» Dataset entries
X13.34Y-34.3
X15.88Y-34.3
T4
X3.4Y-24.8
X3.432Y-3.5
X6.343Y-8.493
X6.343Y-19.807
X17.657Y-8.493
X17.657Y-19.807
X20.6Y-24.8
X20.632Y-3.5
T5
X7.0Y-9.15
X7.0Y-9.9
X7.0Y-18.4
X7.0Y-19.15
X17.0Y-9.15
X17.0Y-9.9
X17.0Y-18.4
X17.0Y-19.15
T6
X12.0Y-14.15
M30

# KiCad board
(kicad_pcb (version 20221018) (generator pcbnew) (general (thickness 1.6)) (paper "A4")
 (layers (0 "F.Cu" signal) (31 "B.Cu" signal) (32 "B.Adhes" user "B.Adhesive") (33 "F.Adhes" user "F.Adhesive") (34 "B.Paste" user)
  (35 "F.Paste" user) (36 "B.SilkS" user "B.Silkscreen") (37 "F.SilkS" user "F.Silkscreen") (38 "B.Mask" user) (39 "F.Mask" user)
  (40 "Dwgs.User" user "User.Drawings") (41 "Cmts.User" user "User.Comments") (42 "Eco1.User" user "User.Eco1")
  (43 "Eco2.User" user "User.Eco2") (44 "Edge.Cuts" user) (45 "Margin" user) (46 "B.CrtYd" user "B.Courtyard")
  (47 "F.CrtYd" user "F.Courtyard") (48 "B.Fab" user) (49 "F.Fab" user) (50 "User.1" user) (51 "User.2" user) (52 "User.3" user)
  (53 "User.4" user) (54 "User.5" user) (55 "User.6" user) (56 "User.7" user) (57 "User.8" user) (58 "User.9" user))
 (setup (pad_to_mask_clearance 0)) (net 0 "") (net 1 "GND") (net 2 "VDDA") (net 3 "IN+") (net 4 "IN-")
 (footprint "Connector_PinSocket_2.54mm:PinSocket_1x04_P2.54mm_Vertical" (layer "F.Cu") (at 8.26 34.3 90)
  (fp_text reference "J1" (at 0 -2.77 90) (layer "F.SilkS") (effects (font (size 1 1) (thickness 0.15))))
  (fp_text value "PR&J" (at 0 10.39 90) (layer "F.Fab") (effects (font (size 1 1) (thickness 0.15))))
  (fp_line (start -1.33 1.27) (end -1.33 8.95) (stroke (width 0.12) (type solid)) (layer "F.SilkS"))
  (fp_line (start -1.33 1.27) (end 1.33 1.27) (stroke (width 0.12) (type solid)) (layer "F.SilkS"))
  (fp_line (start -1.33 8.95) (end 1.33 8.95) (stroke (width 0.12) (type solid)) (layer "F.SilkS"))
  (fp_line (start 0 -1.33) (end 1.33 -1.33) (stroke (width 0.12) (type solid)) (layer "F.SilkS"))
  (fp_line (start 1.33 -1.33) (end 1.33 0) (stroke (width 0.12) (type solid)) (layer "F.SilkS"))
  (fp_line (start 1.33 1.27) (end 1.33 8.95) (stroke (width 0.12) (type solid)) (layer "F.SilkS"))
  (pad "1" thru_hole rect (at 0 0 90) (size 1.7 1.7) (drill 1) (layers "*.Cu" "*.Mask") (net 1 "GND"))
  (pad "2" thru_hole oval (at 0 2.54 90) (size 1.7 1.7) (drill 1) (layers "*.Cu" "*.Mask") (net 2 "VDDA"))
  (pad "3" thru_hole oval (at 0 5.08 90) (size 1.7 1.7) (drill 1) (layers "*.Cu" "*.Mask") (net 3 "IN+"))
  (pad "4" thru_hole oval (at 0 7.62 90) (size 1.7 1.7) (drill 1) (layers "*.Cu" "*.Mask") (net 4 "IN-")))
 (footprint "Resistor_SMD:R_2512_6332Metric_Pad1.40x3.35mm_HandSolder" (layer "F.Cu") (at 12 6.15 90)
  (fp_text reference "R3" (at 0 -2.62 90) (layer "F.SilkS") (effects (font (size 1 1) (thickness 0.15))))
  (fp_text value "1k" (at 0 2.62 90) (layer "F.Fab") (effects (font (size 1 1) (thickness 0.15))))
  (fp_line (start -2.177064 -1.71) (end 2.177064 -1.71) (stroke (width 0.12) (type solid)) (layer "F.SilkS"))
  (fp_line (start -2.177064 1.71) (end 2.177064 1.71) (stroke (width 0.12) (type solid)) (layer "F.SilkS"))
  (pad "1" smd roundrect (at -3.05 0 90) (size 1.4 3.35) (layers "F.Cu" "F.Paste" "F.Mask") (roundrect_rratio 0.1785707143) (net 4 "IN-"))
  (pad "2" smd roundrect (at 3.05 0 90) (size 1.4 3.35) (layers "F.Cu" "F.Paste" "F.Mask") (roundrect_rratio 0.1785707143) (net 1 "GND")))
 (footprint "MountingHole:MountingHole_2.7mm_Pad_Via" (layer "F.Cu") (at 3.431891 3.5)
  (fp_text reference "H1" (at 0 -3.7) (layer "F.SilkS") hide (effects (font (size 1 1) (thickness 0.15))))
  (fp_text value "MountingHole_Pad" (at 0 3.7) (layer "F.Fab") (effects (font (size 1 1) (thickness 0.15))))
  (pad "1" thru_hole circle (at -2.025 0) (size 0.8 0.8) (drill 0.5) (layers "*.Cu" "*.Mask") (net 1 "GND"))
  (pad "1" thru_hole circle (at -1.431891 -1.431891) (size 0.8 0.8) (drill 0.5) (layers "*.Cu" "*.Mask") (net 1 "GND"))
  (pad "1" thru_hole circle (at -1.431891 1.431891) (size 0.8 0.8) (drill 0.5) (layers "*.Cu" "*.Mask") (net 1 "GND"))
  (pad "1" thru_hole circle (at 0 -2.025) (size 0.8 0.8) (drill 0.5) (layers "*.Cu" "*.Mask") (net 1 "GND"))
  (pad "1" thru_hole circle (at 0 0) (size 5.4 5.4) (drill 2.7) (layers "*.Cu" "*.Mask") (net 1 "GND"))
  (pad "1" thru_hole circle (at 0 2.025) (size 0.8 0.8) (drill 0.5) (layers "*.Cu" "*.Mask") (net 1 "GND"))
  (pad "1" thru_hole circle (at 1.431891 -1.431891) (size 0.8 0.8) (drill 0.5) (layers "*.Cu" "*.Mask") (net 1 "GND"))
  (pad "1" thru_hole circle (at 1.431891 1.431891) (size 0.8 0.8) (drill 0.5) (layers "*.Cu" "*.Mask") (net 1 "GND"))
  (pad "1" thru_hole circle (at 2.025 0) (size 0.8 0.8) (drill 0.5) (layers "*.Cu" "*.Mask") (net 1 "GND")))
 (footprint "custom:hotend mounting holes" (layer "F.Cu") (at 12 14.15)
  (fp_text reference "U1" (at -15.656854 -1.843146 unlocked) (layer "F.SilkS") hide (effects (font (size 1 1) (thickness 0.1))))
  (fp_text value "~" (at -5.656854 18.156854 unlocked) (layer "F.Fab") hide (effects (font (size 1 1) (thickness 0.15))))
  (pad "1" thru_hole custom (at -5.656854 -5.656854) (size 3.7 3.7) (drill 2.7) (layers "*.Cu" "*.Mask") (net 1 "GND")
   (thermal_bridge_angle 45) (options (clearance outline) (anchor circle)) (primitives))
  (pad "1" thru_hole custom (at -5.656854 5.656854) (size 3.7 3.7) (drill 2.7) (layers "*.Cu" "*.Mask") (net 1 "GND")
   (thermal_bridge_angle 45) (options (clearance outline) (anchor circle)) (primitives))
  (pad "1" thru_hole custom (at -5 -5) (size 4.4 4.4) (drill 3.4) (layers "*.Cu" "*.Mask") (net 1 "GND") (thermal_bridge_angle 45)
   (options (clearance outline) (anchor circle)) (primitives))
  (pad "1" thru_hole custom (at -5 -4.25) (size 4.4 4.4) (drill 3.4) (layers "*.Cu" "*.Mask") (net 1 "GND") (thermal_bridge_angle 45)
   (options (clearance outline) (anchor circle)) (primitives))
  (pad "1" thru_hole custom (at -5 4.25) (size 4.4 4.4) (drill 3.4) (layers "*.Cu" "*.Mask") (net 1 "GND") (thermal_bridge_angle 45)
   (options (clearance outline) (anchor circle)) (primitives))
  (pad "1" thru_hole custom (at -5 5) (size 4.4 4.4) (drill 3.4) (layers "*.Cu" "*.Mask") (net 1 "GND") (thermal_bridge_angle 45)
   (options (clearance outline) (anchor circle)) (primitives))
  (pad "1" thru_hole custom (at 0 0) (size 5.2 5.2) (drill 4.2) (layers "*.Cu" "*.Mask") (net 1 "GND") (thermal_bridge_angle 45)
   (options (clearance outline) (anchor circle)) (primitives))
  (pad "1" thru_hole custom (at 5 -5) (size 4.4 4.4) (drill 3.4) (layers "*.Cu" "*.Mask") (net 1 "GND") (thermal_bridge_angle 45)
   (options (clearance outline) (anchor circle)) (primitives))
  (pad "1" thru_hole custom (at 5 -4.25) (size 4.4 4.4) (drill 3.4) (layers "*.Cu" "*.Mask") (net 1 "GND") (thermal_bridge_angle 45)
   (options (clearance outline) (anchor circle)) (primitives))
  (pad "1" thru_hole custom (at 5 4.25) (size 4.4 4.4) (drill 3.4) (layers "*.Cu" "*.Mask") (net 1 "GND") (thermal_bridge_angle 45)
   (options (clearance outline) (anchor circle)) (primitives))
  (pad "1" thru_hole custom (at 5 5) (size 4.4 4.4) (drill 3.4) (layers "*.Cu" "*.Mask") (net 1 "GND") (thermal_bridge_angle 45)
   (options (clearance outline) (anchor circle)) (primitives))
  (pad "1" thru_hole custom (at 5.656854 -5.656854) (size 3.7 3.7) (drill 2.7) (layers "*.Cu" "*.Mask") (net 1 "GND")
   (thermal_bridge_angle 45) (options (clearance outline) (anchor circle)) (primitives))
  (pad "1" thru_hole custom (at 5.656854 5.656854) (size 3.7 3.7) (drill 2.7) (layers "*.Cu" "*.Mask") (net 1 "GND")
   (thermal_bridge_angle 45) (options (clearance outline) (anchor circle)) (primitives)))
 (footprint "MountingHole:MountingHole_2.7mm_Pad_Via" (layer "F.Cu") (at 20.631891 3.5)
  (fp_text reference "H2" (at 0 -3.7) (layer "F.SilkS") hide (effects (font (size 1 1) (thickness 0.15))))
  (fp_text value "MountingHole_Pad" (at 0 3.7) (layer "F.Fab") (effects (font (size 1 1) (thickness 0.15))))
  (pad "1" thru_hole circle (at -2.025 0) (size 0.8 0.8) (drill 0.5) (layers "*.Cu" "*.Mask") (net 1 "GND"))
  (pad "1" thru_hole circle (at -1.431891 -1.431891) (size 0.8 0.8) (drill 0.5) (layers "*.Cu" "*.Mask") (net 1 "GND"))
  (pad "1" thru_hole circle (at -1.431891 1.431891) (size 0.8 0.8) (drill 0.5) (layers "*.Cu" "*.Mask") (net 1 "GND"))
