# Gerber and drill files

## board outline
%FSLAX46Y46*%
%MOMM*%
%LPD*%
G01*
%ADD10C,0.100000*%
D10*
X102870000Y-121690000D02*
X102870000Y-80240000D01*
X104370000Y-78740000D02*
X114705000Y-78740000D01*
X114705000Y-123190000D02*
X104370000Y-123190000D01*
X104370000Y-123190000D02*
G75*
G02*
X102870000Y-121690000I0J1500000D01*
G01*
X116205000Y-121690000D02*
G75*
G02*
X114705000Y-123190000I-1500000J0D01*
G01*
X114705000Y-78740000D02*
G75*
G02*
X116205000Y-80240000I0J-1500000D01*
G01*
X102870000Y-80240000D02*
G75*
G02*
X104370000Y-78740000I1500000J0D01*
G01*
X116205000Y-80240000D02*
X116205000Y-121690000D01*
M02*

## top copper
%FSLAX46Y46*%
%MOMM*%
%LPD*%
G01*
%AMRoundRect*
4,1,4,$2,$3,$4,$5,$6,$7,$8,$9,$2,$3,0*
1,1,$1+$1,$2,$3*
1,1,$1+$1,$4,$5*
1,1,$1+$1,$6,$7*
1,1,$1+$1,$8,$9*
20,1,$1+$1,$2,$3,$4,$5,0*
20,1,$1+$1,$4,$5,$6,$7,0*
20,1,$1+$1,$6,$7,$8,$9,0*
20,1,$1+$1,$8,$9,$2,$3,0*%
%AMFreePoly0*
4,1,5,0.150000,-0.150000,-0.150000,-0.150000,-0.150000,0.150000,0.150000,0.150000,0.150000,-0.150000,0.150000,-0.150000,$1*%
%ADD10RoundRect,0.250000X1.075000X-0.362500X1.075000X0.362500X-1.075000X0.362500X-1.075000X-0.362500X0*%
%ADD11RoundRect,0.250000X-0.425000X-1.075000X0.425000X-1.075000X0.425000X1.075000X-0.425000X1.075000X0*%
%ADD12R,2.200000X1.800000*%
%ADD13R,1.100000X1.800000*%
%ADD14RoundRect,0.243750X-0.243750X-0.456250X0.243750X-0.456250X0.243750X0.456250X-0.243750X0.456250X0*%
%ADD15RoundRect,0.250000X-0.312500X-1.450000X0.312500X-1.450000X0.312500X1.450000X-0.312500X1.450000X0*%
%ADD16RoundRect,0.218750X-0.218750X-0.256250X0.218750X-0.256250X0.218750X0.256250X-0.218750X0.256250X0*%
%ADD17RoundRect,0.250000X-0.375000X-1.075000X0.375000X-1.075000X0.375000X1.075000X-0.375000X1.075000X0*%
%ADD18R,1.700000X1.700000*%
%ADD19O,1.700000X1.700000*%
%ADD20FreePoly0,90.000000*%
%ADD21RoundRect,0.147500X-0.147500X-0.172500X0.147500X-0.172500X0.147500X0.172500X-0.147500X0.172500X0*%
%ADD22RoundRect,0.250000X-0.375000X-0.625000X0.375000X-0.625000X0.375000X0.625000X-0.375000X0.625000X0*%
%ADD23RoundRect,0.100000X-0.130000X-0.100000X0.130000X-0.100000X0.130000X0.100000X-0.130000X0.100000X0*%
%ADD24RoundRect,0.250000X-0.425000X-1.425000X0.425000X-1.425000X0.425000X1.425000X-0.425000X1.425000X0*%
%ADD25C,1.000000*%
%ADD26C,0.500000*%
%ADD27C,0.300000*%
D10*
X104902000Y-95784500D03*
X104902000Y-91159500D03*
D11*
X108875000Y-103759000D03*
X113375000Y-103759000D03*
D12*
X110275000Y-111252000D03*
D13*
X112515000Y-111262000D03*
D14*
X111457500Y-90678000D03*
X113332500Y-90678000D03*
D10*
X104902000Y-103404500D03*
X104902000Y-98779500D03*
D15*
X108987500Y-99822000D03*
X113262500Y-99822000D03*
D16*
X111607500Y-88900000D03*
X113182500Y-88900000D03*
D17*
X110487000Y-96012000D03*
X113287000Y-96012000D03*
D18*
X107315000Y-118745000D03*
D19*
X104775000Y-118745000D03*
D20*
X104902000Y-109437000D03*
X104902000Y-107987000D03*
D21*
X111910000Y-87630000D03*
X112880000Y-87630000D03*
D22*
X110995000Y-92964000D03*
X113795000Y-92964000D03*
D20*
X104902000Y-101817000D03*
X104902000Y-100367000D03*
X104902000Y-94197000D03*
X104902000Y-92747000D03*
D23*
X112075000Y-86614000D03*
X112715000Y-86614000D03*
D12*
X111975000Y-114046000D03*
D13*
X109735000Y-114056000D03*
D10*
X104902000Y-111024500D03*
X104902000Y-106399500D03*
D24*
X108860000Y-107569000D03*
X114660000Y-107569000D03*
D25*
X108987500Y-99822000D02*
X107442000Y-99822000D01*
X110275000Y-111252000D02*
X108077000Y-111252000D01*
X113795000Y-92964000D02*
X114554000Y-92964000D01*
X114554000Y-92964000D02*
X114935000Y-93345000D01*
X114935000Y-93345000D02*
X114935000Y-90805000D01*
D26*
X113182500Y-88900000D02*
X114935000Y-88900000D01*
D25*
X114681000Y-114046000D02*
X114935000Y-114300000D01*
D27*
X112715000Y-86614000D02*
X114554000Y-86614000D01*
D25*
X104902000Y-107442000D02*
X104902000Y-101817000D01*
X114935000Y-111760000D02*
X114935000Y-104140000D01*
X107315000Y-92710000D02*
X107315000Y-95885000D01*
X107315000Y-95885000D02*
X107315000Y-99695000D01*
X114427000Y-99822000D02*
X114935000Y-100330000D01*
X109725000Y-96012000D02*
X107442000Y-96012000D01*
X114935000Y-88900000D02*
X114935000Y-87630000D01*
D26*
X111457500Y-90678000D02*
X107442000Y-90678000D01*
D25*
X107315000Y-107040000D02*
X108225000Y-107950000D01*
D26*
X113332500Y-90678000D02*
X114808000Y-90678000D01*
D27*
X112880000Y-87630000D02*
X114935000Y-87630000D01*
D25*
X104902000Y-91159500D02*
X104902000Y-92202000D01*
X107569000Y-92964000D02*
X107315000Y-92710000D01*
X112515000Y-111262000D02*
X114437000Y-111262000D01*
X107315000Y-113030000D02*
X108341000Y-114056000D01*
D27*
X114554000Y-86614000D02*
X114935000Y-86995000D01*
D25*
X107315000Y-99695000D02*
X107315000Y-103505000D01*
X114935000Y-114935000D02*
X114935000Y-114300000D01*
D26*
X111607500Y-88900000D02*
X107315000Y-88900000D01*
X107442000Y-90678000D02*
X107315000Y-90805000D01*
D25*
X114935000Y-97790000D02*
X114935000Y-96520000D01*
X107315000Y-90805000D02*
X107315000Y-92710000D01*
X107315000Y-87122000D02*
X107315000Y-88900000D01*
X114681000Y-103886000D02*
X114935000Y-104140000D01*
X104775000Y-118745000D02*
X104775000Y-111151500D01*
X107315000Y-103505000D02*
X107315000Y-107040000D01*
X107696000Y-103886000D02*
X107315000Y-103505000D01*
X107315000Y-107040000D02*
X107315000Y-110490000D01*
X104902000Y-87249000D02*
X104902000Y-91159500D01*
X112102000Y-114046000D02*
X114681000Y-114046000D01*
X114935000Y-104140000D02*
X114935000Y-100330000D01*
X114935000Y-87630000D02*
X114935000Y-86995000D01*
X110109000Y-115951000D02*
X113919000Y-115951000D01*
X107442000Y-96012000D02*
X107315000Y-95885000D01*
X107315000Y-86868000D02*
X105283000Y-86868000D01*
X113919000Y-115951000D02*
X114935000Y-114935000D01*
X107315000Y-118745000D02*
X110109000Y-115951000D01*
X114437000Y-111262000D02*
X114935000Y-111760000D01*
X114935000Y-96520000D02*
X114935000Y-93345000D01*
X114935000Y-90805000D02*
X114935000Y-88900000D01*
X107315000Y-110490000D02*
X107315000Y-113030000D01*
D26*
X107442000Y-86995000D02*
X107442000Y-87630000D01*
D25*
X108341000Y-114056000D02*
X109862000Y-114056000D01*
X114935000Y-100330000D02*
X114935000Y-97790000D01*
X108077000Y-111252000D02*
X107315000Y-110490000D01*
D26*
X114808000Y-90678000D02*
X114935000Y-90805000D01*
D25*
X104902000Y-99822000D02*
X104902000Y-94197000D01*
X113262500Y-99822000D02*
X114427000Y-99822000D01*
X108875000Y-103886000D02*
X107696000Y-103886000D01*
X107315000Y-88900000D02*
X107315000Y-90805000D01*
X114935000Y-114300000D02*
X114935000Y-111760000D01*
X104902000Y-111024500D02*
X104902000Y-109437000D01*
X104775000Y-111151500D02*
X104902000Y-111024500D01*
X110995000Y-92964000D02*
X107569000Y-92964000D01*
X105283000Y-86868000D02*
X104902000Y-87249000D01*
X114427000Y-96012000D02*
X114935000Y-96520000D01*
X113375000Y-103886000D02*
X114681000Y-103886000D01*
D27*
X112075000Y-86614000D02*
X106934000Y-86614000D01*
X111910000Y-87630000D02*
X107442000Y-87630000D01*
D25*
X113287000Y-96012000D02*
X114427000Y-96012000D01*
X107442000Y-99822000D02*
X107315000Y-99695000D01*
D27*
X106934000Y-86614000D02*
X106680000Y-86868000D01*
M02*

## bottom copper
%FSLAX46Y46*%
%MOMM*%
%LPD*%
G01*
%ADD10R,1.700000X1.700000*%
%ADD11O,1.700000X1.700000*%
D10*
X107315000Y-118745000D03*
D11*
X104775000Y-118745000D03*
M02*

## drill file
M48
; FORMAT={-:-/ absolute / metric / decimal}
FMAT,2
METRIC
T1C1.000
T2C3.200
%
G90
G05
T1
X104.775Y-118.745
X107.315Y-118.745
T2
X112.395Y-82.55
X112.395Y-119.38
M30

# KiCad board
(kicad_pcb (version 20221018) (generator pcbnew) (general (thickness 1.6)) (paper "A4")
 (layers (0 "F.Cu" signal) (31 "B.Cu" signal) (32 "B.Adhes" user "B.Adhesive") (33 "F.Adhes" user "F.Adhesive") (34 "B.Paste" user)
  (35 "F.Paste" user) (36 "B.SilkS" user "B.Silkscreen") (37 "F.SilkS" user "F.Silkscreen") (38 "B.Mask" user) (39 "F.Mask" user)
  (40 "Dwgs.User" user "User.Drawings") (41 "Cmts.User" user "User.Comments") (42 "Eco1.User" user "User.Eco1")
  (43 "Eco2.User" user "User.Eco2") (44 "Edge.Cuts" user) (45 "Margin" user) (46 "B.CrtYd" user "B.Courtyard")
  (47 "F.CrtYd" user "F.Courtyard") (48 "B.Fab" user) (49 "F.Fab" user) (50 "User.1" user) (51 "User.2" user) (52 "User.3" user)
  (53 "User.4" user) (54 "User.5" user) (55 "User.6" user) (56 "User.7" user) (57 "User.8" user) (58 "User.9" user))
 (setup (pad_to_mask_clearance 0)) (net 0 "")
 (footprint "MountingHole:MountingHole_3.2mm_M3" (layer "F.Cu") (at 112.395 82.55)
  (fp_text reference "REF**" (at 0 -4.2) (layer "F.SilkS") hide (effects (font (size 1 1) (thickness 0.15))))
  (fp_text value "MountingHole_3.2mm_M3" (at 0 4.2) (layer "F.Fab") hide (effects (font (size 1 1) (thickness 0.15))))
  (pad "" np_thru_hole circle (at 0 0) (size 3.2 3.2) (drill 3.2) (layers "F&B.Cu" "*.Mask")))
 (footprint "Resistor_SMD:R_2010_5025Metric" (layer "F.Cu") (at 104.902 93.472 90)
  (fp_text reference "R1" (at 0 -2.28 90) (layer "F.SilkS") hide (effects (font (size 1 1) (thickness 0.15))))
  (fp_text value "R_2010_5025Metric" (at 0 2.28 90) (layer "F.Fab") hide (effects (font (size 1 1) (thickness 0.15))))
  (pad "1" smd roundrect (at -2.3125 0 90) (size 1.225 2.65) (layers "F.Cu" "F.Paste" "F.Mask") (roundrect_rratio 0.2040816327))
  (pad "2" smd roundrect (at 2.3125 0 90) (size 1.225 2.65) (layers "F.Cu" "F.Paste" "F.Mask") (roundrect_rratio 0.2040816327)))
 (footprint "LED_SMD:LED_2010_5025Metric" (layer "F.Cu") (at 111.125 103.759)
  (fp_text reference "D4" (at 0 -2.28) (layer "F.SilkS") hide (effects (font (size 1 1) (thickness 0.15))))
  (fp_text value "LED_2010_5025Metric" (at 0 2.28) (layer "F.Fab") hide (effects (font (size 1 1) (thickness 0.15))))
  (pad "1" smd roundrect (at -2.25 0) (size 1.35 2.65) (layers "F.Cu" "F.Paste" "F.Mask") (roundrect_rratio 0.1851851852))
  (pad "2" smd roundrect (at 2.25 0) (size 1.35 2.65) (layers "F.Cu" "F.Paste" "F.Mask") (roundrect_rratio 0.1851851852)))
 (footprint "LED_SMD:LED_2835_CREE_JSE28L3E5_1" (layer "F.Cu") (at 111.125 111.252)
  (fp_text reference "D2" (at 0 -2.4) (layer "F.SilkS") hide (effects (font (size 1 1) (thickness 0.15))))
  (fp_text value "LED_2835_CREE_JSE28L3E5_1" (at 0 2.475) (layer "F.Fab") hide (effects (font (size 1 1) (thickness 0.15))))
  (pad "1" smd rect (at -0.85 0) (size 2.2 1.8) (layers "F.Cu" "F.Paste" "F.Mask") (solder_paste_margin -0.18))
  (pad "2" smd rect (at 1.39 0.01) (size 1.1 1.8) (layers "F.Cu" "F.Paste" "F.Mask") (solder_paste_margin -0.18)))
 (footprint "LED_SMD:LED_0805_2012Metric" (layer "F.Cu") (at 112.395 90.678)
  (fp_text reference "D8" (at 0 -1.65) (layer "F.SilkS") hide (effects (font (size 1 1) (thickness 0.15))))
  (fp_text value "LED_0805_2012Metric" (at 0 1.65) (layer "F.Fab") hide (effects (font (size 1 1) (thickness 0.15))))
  (pad "1" smd roundrect (at -0.9375 0) (size 0.975 1.4) (layers "F.Cu" "F.Paste" "F.Mask") (roundrect_rratio 0.25))
  (pad "2" smd roundrect (at 0.9375 0) (size 0.975 1.4) (layers "F.Cu" "F.Paste" "F.Mask") (roundrect_rratio 0.25)))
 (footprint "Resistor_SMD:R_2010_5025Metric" (layer "F.Cu") (at 104.902 101.092 90)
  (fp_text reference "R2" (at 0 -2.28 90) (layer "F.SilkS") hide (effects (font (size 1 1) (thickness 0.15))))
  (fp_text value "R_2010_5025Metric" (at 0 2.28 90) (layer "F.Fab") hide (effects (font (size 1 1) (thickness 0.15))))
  (pad "1" smd roundrect (at -2.3125 0 90) (size 1.225 2.65) (layers "F.Cu" "F.Paste" "F.Mask") (roundrect_rratio 0.2040816327))
  (pad "2" smd roundrect (at 2.3125 0 90) (size 1.225 2.65) (layers "F.Cu" "F.Paste" "F.Mask") (roundrect_rratio 0.2040816327)))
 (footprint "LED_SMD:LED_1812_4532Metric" (layer "F.Cu") (at 111.125 99.822)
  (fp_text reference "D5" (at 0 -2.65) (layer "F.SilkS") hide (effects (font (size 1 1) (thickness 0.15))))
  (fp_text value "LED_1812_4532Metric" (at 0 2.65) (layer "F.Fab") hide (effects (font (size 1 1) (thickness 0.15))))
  (pad "1" smd roundrect (at -2.1375 0) (size 1.125 3.4) (layers "F.Cu" "F.Paste" "F.Mask") (roundrect_rratio 0.2222222222))
  (pad "2" smd roundrect (at 2.1375 0) (size 1.125 3.4) (layers "F.Cu" "F.Paste" "F.Mask") (roundrect_rratio 0.2222222222)))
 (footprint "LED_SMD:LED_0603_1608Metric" (layer "F.Cu") (at 112.395 88.9)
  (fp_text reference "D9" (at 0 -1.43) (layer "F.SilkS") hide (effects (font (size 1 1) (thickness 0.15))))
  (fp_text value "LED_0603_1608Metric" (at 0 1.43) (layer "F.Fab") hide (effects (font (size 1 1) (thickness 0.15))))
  (pad "1" smd roundrect (at -0.7875 0) (size 0.875 0.95) (layers "F.Cu" "F.Paste" "F.Mask") (roundrect_rratio 0.25))
  (pad "2" smd roundrect (at 0.7875 0) (size 0.875 0.95) (layers "F.Cu" "F.Paste" "F.Mask") (roundrect_rratio 0.25)))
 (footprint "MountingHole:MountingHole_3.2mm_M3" (layer "F.Cu") (at 112.395 119.38)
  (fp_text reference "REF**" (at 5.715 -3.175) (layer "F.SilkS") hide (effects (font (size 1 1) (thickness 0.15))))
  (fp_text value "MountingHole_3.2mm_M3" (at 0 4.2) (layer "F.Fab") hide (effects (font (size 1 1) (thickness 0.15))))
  (pad "" np_thru_hole circle (at 0 0) (size 3.2 3.2) (drill 3.2) (layers "*.Cu" "*.Mask")))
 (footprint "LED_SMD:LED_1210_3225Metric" (layer "F.Cu") (at 111.887 96.012)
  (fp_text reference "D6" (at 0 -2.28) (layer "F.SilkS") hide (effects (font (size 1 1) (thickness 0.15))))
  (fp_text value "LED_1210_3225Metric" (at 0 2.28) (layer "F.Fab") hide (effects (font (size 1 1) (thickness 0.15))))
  (pad "1" smd roundrect (at -1.4 0) (size 1.25 2.65) (layers "F.Cu" "F.Paste" "F.Mask") (roundrect_rratio 0.2))
  (pad "2" smd roundrect (at 1.4 0) (size 1.25 2.65) (layers "F.Cu" "F.Paste" "F.Mask") (roundrect_rratio 0.2)))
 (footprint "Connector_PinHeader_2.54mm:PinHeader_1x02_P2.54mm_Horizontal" (layer "F.Cu") (at 107.315 118.745 -90)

» Directions for this task
Taking the records above as input, show every line in which the word "type" is present.

» Task solution
  (fp_line (start -1.33 1.27) (end -1.33 8.95) (stroke (width 0.12) (type solid)) (layer "F.SilkS"))
  (fp_line (start -1.33 1.27) (end 1.33 1.27) (stroke (width 0.12) (type solid)) (layer "F.SilkS"))
  (fp_line (start -1.33 8.95) (end 1.33 8.95) (stroke (width 0.12) (type solid)) (layer "F.SilkS"))
  (fp_line (start 0 -1.33) (end 1.33 -1.33) (stroke (width 0.12) (type solid)) (layer "F.SilkS"))
  (fp_line (start 1.33 -1.33) (end 1.33 0) (stroke (width 0.12) (type solid)) (layer "F.SilkS"))
  (fp_line (start 1.33 1.27) (end 1.33 8.95) (stroke (width 0.12) (type solid)) (layer "F.SilkS"))
  (fp_line (start -2.177064 -1.71) (end 2.177064 -1.71) (stroke (width 0.12) (type solid)) (layer "F.SilkS"))
  (fp_line (start -2.177064 1.71) (end 2.177064 1.71) (stroke (width 0.12) (type solid)) (layer "F.SilkS"))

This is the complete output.